2019-05-24	doc: generate manpages for some Xapian commands
	They're nowhere to be found on Xapian.org, and links to external services are either too long (for manpages.debian.org) or have privacy-invasive tracking JS on them.
2019-05-24	doc: sync .txt mtime to .pod mtime
	Otherwise timestamps for .html files get screwed up, too; and that hurts caching.
2019-05-24	doc: don't barf on missing `git set-file-times'
	It's not critical, but it's nice to have for cache-friendliness (otherwise I would not have written it :P) I guess I should follow up on getting it into 'git contrib/': https://public-inbox.org/git/20100702033709.GA6818@burratino/
2019-05-24	doc: daemon: fix manpage section for nginx
	The nginx manpage is in section 8.
2019-05-24	doc: index: fix miscapitalization of "SQLite"
	Oops :x
2019-05-24	search: don't log all warnings on retry_reopen
	Some users (or bots :P) can trigger horrible queries which the caller can choose to either log or ignore. This prevents horrible queries from ExtMsg from logging confusing "ref: " messages when $@ is not a Perl reference.
2019-05-23	doc: various updates to reflect current state
	-index documentation avoid redundant v1 information and refers readers to apropriate v1/v2 manpages. Search::Xapian can also be optional, now, as only the PSGI search interface uses it. Favor "INBOX_DIR" where appropriate, since "REPO_DIR" can be confused for code repos which we also support. XAPIAN_FLUSH_THRESHOLD is documented for all relevant bulk commands.
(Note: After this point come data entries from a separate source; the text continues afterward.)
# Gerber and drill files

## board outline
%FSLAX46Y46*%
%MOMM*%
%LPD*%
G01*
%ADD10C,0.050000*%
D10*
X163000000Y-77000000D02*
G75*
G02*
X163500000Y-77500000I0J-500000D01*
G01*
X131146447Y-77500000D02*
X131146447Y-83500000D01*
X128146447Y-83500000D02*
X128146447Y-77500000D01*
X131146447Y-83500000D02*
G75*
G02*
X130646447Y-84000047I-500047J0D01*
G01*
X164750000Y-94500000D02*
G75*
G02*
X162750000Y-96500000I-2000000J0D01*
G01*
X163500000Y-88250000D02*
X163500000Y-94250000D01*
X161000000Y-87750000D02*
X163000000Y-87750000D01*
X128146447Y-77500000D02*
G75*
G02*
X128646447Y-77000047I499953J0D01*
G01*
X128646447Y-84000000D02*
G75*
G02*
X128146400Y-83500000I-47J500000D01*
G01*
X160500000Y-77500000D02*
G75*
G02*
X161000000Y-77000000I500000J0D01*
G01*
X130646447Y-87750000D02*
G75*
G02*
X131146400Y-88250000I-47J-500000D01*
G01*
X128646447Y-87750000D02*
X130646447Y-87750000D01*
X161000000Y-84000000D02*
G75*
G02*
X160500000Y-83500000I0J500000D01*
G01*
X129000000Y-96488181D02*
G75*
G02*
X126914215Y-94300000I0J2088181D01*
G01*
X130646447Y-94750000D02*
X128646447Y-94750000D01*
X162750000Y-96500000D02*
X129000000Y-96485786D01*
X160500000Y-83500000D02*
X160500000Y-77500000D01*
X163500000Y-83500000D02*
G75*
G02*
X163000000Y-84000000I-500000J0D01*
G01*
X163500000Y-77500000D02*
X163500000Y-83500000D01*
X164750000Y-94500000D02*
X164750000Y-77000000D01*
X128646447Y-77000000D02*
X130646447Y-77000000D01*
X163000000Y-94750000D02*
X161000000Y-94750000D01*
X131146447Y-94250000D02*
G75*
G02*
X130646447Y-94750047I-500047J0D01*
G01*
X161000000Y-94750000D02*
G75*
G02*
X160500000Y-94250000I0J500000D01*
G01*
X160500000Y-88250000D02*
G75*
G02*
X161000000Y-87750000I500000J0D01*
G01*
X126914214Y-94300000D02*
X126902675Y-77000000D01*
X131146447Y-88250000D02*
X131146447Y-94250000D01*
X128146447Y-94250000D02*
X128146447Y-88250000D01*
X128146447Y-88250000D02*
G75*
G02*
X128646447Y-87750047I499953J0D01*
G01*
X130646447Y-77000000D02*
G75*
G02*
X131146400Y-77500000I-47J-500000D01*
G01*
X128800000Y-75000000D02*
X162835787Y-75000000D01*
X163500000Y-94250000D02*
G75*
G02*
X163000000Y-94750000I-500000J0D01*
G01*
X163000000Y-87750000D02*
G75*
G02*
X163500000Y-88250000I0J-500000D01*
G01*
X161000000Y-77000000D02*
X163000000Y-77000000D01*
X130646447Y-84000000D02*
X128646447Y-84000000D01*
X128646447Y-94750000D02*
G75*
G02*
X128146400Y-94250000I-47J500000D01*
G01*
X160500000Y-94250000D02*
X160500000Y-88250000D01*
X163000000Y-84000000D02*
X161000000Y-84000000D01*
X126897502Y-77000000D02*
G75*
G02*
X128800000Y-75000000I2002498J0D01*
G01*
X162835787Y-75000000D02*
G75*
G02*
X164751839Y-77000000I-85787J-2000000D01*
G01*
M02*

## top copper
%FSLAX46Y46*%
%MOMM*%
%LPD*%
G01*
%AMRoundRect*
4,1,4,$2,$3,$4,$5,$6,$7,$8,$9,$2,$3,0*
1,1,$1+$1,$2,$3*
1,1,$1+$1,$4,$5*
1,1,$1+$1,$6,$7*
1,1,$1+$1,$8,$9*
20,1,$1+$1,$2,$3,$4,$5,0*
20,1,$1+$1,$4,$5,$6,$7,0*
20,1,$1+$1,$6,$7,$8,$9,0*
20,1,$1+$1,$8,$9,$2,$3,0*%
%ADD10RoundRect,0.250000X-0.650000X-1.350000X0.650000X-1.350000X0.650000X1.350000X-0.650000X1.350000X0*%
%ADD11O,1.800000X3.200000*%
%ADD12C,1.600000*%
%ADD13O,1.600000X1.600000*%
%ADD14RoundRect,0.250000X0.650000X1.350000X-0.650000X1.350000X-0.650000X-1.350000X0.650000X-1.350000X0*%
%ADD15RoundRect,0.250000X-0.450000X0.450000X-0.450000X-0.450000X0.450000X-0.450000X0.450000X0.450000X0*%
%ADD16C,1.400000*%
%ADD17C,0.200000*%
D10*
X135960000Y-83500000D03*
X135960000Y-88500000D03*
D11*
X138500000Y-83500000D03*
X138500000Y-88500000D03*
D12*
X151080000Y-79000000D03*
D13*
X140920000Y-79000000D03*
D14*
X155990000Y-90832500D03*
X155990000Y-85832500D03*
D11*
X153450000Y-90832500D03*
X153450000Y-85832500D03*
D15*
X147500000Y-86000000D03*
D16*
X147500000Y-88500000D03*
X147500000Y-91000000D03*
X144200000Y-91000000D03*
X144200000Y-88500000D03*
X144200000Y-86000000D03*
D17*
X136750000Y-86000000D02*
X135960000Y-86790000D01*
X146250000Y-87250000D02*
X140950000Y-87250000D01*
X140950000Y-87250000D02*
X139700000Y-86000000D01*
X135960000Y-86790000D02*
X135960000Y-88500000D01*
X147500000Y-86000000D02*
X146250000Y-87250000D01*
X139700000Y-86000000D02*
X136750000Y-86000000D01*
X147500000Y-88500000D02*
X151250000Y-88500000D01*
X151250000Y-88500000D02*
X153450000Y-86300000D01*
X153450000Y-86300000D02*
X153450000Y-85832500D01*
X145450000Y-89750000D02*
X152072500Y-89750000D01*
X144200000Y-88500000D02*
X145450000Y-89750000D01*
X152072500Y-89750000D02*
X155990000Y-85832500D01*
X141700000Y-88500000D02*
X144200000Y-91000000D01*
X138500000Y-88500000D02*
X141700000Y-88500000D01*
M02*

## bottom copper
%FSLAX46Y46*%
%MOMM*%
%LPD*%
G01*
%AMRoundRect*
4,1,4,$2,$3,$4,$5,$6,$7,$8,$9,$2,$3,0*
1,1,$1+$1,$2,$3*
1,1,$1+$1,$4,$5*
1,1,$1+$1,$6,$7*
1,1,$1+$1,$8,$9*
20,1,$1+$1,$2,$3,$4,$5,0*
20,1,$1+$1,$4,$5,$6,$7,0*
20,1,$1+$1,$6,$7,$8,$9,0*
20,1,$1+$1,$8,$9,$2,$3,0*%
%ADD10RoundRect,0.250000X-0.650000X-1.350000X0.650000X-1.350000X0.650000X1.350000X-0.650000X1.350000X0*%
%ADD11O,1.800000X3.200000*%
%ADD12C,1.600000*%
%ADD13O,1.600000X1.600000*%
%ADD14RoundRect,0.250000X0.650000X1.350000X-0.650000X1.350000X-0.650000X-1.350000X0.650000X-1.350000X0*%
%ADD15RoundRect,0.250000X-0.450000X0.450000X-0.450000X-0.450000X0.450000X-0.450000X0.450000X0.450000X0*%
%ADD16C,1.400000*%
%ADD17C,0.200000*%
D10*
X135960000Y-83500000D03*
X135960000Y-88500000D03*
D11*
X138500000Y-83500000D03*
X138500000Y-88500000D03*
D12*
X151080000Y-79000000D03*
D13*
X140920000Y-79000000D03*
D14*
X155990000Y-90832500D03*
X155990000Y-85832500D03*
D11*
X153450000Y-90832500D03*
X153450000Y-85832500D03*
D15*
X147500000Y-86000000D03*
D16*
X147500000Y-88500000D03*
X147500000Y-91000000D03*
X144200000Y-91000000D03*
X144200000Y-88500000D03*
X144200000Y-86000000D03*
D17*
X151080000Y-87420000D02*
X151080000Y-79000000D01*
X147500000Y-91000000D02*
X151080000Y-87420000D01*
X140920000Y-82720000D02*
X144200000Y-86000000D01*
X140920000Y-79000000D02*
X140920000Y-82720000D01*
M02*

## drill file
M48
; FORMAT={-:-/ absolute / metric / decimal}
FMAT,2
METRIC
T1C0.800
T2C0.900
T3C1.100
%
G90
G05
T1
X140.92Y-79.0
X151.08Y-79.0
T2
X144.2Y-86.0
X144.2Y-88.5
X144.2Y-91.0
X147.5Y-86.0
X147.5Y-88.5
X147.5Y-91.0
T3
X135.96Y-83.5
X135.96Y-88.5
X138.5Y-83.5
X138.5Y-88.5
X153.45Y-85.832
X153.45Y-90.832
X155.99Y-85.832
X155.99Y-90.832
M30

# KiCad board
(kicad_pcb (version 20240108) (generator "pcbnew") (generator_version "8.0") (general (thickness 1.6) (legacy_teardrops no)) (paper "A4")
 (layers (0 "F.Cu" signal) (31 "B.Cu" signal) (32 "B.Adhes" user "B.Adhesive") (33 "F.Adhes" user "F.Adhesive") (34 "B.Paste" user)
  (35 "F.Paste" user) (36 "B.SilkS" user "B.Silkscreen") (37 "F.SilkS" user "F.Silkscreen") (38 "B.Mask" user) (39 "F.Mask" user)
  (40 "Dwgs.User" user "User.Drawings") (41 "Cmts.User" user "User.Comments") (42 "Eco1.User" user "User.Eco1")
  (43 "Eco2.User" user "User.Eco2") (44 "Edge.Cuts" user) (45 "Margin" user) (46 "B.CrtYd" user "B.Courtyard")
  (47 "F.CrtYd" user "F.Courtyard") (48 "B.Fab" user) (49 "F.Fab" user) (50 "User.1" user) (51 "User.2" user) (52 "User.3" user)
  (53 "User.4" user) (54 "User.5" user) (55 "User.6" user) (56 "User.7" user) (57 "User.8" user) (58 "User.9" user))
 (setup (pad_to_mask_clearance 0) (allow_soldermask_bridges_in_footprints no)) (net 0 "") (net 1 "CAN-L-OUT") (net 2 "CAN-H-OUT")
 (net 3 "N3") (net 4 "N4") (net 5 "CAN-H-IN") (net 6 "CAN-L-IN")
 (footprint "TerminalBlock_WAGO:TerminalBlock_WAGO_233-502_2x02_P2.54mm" (layer "F.Cu") (at 135.96 83.5)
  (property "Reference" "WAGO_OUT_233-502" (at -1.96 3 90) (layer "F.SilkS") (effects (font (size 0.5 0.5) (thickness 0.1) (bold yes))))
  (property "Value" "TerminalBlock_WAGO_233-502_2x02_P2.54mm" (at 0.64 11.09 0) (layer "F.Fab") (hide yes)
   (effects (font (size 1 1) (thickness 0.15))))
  (pad "1" thru_hole roundrect (at 0 0) (size 1.8 3.2) (drill 1.1) (layers "*.Cu" "*.Mask") (remove_unused_layers no)
   (roundrect_rratio 0.1388888889))
  (pad "1" thru_hole roundrect (at 0 5) (size 1.8 3.2) (drill 1.1) (layers "*.Cu" "*.Mask") (remove_unused_layers no)
   (roundrect_rratio 0.1388888889) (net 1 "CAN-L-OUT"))
  (pad "2" thru_hole oval (at 2.54 0) (size 1.8 3.2) (drill 1.1) (layers "*.Cu" "*.Mask") (remove_unused_layers no))
  (pad "2" thru_hole oval (at 2.54 5) (size 1.8 3.2) (drill 1.1) (layers "*.Cu" "*.Mask") (remove_unused_layers no) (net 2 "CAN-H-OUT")))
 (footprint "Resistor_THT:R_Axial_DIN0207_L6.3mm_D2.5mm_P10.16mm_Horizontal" (layer "F.Cu") (at 151.08 79 180)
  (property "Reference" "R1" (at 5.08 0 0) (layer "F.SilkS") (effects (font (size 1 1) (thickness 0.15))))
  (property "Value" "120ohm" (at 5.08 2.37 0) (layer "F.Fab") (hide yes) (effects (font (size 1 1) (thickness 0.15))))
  (pad "1" thru_hole circle (at 0 0 180) (size 1.6 1.6) (drill 0.8) (layers "*.Cu" "*.Mask") (remove_unused_layers no) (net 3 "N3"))
  (pad "2" thru_hole oval (at 10.16 0 180) (size 1.6 1.6) (drill 0.8) (layers "*.Cu" "*.Mask") (remove_unused_layers no) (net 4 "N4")))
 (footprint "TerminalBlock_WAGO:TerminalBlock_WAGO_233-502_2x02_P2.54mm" (layer "F.Cu") (at 155.99 90.8325 180)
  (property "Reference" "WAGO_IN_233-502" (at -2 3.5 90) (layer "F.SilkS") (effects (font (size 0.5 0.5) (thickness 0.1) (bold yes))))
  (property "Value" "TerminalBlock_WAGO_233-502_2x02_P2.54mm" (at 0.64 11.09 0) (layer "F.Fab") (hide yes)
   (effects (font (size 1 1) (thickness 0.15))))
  (pad "1" thru_hole roundrect (at 0 0 180) (size 1.8 3.2) (drill 1.1) (layers "*.Cu" "*.Mask") (remove_unused_layers no)
   (roundrect_rratio 0.1388888889))
  (pad "1" thru_hole roundrect (at 0 5 180) (size 1.8 3.2) (drill 1.1) (layers "*.Cu" "*.Mask") (remove_unused_layers no)
   (roundrect_rratio 0.1388888889) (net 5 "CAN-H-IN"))
  (pad "2" thru_hole oval (at 2.54 0 180) (size 1.8 3.2) (drill 1.1) (layers "*.Cu" "*.Mask") (remove_unused_layers no))
  (pad "2" thru_hole oval (at 2.54 5 180) (size 1.8 3.2) (drill 1.1) (layers "*.Cu" "*.Mask") (remove_unused_layers no) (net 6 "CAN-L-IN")))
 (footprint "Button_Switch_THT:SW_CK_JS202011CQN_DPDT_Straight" (layer "F.Cu") (at 147.5 86 -90)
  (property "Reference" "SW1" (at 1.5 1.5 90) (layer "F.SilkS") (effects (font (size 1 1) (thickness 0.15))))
2019-05-23	xapcmd: do not reset %SIG until last Xtmpdir is done
	To properly handle compact tmpdir cleanup in single process situations, we need to carefully account for Xtmpdir not being a singleton and ensuring we don't clobber signal handlers which belong to other Xtmpdirs.
2019-05-23	xcpdb\|compact: support --jobs/-j flag like gmake(1)
	We don't have to be tied to the number of partitions in case we made a bad choice at initialization. This doesn't affect reindexing, but the copying phase is already intensive. And optimize away the extra process when we only have a single job which won't parallelize. The wording for the (v2) reindexing phase could be improved, later. I also plan to allow repartitioning of existing Xapian DBs.
2019-05-23	xapcmd: cleanup on interrupted xcpdb "--compact"
	We should not have leftover junk on interrupted invocations.
2019-05-23	xcpdb\|compact: support some xapian-compact switches
	Allow users to specify the --blocksize <B>, --no-full, --fuller options for xapian-compact(1) for fine-tuning compact behavior for low-traffic/inactive inboxes. We also won't support --multipass, since it doesn't seem compatible with our requirement to use --no-renumber. We also won't support --single-file, since it only seems intended for totally dead inboxes; and it doesn't seem worth the support overhead when "totally dead" turns out to be a misdiagnosis.
2019-05-23	compact: reuse infrastructure from xcpdb
	Since -xcpdb is a superset of -compact, we can reuse much of that code used for driving compact. For compact (only), this is slightly less memory efficient since it requires an extra process per-partition, but we get to prefix the output with the partition name for more readable output.